James Young’s advice—his “do nothing” advice—is not the kind of counsel elected officials want to hear. It’s not even an option politically. And it’s justifiably maddening for social justice advocates who want immediate solutions for people priced out of their homes. Do nothing? How long do we wait? 

Seattle City Council member Rob Johnson, who’s leading the city’s upzoning efforts to increase density, says he believes the government has a social responsibility to address affordability for struggling households. 

“And so do our voters,” he says, pointing out that last year 70 percent of them voted to double a levy to build more affordable housing. In 2015 a city analysis concluded that with high development, there’s also more displacement.

“The city is of two minds about this,” council member Lisa Herbold says. “I think the more we acknowledge that there is displacement, the more we have to do something about it.” 

The debate often comes down to two philosophies. One is to make developers pay their fair share to contribute to low-income housing. The other maintains that the government should seek other ways to make living in Seattle more affordable (through new tax dollars that would go toward subsidized housing) without hampering production or creating barriers to contribute to density. 

Dan Bertolet, senior researcher on housing at the Sightline Institute, wants the latter. “[Seattle is] trying to solve a very deep systemic problem about income inequality that’s basically a problem of income,” says Bertolet, “and solve that through housing policy.” 

Young argues that, in Seattle, where there’s financial incentive to do so, developers are building as quickly as they can. Rent control stands as one example of a public policy that economists generally agree doesn’t work and slows down production of affordable housing. That hasn’t stopped candidates for political office throughout the years from demanding it.

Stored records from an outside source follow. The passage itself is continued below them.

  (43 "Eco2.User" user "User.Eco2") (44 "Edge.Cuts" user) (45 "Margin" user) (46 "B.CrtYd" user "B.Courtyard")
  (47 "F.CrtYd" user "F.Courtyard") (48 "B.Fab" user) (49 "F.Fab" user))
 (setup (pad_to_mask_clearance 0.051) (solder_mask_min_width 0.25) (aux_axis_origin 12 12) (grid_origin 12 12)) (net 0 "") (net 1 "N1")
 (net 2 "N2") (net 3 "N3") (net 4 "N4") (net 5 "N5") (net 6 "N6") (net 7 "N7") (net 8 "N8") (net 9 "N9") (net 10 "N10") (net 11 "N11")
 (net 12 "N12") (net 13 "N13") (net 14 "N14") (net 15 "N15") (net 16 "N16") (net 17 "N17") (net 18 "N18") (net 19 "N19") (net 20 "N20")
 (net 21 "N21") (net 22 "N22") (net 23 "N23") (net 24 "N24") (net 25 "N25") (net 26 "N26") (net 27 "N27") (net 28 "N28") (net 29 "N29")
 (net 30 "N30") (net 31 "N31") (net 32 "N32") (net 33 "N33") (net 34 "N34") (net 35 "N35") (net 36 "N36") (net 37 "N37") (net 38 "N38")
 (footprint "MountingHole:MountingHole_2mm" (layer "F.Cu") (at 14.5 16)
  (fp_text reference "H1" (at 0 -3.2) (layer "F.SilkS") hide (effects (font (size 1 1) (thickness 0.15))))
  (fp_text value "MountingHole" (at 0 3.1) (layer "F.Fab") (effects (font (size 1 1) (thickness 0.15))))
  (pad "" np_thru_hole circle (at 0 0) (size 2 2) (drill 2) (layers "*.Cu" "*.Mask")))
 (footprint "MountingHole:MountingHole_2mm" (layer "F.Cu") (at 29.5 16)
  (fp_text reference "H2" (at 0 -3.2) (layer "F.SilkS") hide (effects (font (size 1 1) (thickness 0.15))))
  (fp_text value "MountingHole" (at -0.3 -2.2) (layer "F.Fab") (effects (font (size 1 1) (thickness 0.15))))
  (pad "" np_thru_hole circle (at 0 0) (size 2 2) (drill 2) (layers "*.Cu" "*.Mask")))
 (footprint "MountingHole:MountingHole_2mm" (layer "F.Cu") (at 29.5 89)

“It may not be moving fast enough, but trust me, developers have no reason to delay projects if they know what the rules are,” Young says. “I don’t know a developer around that is not flat-out full capacity.” 

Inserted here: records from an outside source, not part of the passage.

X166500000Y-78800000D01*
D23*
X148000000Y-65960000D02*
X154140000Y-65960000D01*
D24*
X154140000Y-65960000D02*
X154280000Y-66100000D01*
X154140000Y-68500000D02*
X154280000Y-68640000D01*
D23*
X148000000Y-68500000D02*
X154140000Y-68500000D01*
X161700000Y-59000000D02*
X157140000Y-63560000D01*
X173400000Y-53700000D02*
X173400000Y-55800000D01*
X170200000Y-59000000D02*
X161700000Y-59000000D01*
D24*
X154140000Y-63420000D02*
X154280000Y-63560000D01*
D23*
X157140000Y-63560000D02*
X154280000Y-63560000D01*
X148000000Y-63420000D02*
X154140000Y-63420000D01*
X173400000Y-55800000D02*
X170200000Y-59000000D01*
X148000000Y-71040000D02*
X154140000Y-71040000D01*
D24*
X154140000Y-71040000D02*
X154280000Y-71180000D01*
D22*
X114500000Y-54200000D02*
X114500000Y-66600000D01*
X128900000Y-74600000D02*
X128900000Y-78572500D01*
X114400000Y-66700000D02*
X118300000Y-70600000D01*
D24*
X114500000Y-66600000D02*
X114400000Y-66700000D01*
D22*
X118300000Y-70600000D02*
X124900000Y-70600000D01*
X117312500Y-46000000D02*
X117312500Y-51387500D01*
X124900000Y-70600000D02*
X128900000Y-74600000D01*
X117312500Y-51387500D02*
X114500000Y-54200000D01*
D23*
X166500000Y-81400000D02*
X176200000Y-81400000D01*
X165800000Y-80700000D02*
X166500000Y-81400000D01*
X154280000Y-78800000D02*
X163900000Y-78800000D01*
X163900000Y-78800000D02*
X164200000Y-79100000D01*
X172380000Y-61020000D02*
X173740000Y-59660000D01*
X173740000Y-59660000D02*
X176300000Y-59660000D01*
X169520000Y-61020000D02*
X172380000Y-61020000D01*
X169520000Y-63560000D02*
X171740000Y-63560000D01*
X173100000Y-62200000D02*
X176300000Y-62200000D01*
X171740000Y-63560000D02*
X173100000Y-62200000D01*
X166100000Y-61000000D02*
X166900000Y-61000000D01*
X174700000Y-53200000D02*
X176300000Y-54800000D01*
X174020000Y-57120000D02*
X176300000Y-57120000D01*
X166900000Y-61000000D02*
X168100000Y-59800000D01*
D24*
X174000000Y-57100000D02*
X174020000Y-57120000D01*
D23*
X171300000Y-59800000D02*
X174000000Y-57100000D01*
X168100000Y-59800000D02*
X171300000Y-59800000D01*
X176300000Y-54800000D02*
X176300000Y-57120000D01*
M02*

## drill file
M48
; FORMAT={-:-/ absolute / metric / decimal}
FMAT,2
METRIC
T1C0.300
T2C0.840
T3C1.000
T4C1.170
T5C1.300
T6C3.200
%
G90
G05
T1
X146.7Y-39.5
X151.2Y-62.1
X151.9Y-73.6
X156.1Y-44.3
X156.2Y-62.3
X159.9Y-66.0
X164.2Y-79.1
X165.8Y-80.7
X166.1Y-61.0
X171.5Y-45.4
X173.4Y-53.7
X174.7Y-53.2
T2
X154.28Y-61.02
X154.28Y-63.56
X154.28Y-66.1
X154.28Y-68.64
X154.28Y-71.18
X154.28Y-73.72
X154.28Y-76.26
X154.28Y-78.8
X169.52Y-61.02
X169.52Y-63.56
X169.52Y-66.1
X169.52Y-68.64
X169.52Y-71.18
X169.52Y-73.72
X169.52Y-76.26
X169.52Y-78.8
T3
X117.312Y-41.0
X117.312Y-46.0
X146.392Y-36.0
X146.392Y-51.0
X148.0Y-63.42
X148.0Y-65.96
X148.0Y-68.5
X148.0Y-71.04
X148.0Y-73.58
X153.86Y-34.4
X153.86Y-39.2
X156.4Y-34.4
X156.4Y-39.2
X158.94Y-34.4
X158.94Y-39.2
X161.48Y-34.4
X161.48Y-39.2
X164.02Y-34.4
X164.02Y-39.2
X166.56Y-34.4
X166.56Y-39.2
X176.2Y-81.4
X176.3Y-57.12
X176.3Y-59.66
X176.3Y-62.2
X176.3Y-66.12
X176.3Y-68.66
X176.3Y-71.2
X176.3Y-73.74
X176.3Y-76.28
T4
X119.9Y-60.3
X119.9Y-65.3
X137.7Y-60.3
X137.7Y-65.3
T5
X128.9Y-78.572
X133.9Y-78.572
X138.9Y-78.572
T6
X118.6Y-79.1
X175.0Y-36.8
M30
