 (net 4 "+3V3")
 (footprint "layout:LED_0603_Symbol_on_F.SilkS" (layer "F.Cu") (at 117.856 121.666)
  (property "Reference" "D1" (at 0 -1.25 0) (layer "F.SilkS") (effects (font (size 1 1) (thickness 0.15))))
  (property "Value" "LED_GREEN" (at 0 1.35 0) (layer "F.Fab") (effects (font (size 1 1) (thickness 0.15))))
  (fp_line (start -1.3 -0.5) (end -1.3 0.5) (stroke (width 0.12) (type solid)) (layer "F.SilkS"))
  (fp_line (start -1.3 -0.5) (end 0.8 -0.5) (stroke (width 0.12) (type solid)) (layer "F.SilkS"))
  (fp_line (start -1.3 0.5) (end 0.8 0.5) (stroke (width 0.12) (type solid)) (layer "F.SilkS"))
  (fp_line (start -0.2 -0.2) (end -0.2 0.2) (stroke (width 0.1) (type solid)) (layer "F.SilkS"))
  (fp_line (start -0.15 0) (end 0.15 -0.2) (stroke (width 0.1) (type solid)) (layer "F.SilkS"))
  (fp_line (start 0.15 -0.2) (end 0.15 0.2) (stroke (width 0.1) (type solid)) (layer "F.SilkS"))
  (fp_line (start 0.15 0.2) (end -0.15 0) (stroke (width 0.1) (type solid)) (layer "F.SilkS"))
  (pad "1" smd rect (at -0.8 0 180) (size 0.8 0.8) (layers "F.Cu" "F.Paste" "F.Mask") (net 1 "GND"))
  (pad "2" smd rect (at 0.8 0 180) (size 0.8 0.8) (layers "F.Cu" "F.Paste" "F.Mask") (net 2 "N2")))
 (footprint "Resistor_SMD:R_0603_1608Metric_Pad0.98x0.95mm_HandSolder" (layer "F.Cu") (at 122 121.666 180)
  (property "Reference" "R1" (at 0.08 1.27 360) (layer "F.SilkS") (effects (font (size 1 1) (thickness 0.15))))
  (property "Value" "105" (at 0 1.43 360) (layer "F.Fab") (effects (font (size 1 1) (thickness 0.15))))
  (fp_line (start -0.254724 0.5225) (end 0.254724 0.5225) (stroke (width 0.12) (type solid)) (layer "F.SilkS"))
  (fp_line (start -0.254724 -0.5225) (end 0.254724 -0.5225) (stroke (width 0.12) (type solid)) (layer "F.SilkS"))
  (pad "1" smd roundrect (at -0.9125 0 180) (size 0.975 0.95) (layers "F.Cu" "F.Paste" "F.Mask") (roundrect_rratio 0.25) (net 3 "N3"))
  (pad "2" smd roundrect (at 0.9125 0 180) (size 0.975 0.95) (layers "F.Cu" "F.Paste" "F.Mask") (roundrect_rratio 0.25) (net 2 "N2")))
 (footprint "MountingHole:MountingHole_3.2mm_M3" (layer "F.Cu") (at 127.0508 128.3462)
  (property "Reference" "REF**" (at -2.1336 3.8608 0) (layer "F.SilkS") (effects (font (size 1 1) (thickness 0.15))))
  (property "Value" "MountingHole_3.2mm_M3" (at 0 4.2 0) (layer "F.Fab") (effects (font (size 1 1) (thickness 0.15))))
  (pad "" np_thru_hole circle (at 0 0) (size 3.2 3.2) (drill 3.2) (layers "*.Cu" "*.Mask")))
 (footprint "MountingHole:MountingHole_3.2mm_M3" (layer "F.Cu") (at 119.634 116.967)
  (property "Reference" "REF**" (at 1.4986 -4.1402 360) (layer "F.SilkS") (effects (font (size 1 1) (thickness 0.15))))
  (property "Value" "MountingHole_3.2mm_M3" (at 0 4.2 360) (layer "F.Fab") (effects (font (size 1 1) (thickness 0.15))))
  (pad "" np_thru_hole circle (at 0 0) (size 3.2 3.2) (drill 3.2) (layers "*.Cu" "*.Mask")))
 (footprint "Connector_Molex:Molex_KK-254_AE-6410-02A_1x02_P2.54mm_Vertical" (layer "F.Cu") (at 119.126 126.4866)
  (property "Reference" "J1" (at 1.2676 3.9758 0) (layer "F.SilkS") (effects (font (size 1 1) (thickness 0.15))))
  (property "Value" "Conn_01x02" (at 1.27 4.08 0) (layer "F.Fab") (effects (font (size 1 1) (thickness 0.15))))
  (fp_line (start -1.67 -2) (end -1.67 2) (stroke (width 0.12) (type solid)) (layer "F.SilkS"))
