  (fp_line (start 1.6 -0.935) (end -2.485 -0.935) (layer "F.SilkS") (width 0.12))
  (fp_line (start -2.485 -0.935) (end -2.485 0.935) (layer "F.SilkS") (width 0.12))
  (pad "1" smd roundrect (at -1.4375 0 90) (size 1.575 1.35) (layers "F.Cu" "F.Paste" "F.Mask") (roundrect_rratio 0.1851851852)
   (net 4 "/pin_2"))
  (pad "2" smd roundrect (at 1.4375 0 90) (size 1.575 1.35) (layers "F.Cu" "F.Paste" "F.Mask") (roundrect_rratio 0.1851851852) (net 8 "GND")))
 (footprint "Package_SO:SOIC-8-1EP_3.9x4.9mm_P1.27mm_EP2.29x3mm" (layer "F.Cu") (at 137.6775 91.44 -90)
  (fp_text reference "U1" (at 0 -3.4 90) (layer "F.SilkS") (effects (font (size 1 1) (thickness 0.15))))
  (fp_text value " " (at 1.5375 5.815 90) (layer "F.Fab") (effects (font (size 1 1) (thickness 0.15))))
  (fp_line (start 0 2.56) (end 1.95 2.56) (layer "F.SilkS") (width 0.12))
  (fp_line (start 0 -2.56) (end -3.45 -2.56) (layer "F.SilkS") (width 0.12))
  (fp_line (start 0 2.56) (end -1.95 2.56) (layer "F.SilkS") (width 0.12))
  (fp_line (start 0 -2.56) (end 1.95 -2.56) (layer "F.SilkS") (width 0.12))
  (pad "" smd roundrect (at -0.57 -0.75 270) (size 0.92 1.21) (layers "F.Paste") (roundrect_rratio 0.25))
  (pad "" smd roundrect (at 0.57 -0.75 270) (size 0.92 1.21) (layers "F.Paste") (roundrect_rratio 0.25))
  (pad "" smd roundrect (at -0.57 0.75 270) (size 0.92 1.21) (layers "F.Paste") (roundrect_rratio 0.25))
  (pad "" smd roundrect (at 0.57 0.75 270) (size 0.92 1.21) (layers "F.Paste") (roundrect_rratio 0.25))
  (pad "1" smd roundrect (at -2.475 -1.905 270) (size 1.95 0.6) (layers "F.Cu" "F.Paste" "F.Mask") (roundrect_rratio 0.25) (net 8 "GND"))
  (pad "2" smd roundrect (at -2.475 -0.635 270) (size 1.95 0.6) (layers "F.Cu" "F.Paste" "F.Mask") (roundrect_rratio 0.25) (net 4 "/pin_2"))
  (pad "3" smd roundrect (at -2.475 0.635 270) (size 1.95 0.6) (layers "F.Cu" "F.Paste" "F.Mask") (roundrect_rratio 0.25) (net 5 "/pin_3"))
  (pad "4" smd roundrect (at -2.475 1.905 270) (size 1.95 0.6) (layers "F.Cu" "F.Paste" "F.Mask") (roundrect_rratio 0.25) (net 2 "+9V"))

But here’s the thing: As fast as they can is still not fast enough. And advocacy groups like the Tenants Union say allowing the free market simply to fix itself ignores the low-income population that’s being left behind. 

Herbold, who has championed renters’ rights policy, says there are real concerns with fewer affordable housing units available because landlords no longer want to deal with the hassle of city regulations and decide instead to sell their extra properties for a profit rather than continue renting them. The city is assessing whether its legislation has those kinds of impacts.

“Generally I think the city has tried to strike a good balance,” council member Johnson says, between building more affordable housing and encouraging market-rate development. While the city’s rezoning includes fines for developers who don’t create enough affordable units, other changes opened the door for the kind of solutions the city wants to see—like taller buildings or more backyard cottages. 

“We can’t do it on our own. We need the private sector,” Johnson adds. “And they can’t do it on their own; they need us.”

James Young acknowledges that he is pessimistic when it comes to public housing policies. He’s often asked about his political affiliation. (He has none.) 

A former associate professor at the University of Auckland, in New Zealand, Young has studied property markets around the world for 25 years. He says he looks at past results from other cities, and “my experience has kind of taught me that most policy solutions tend to create more problems than they solve.” And they can come back to bite the housing market in the long run.

But he knows there’s not much chance Seattle lawmakers will take the hands-off approach. He thinks that’s only going to drive housing prices up. For the sake of the tens of thousands paying more than half their income on rent, let’s hope he’s wrong.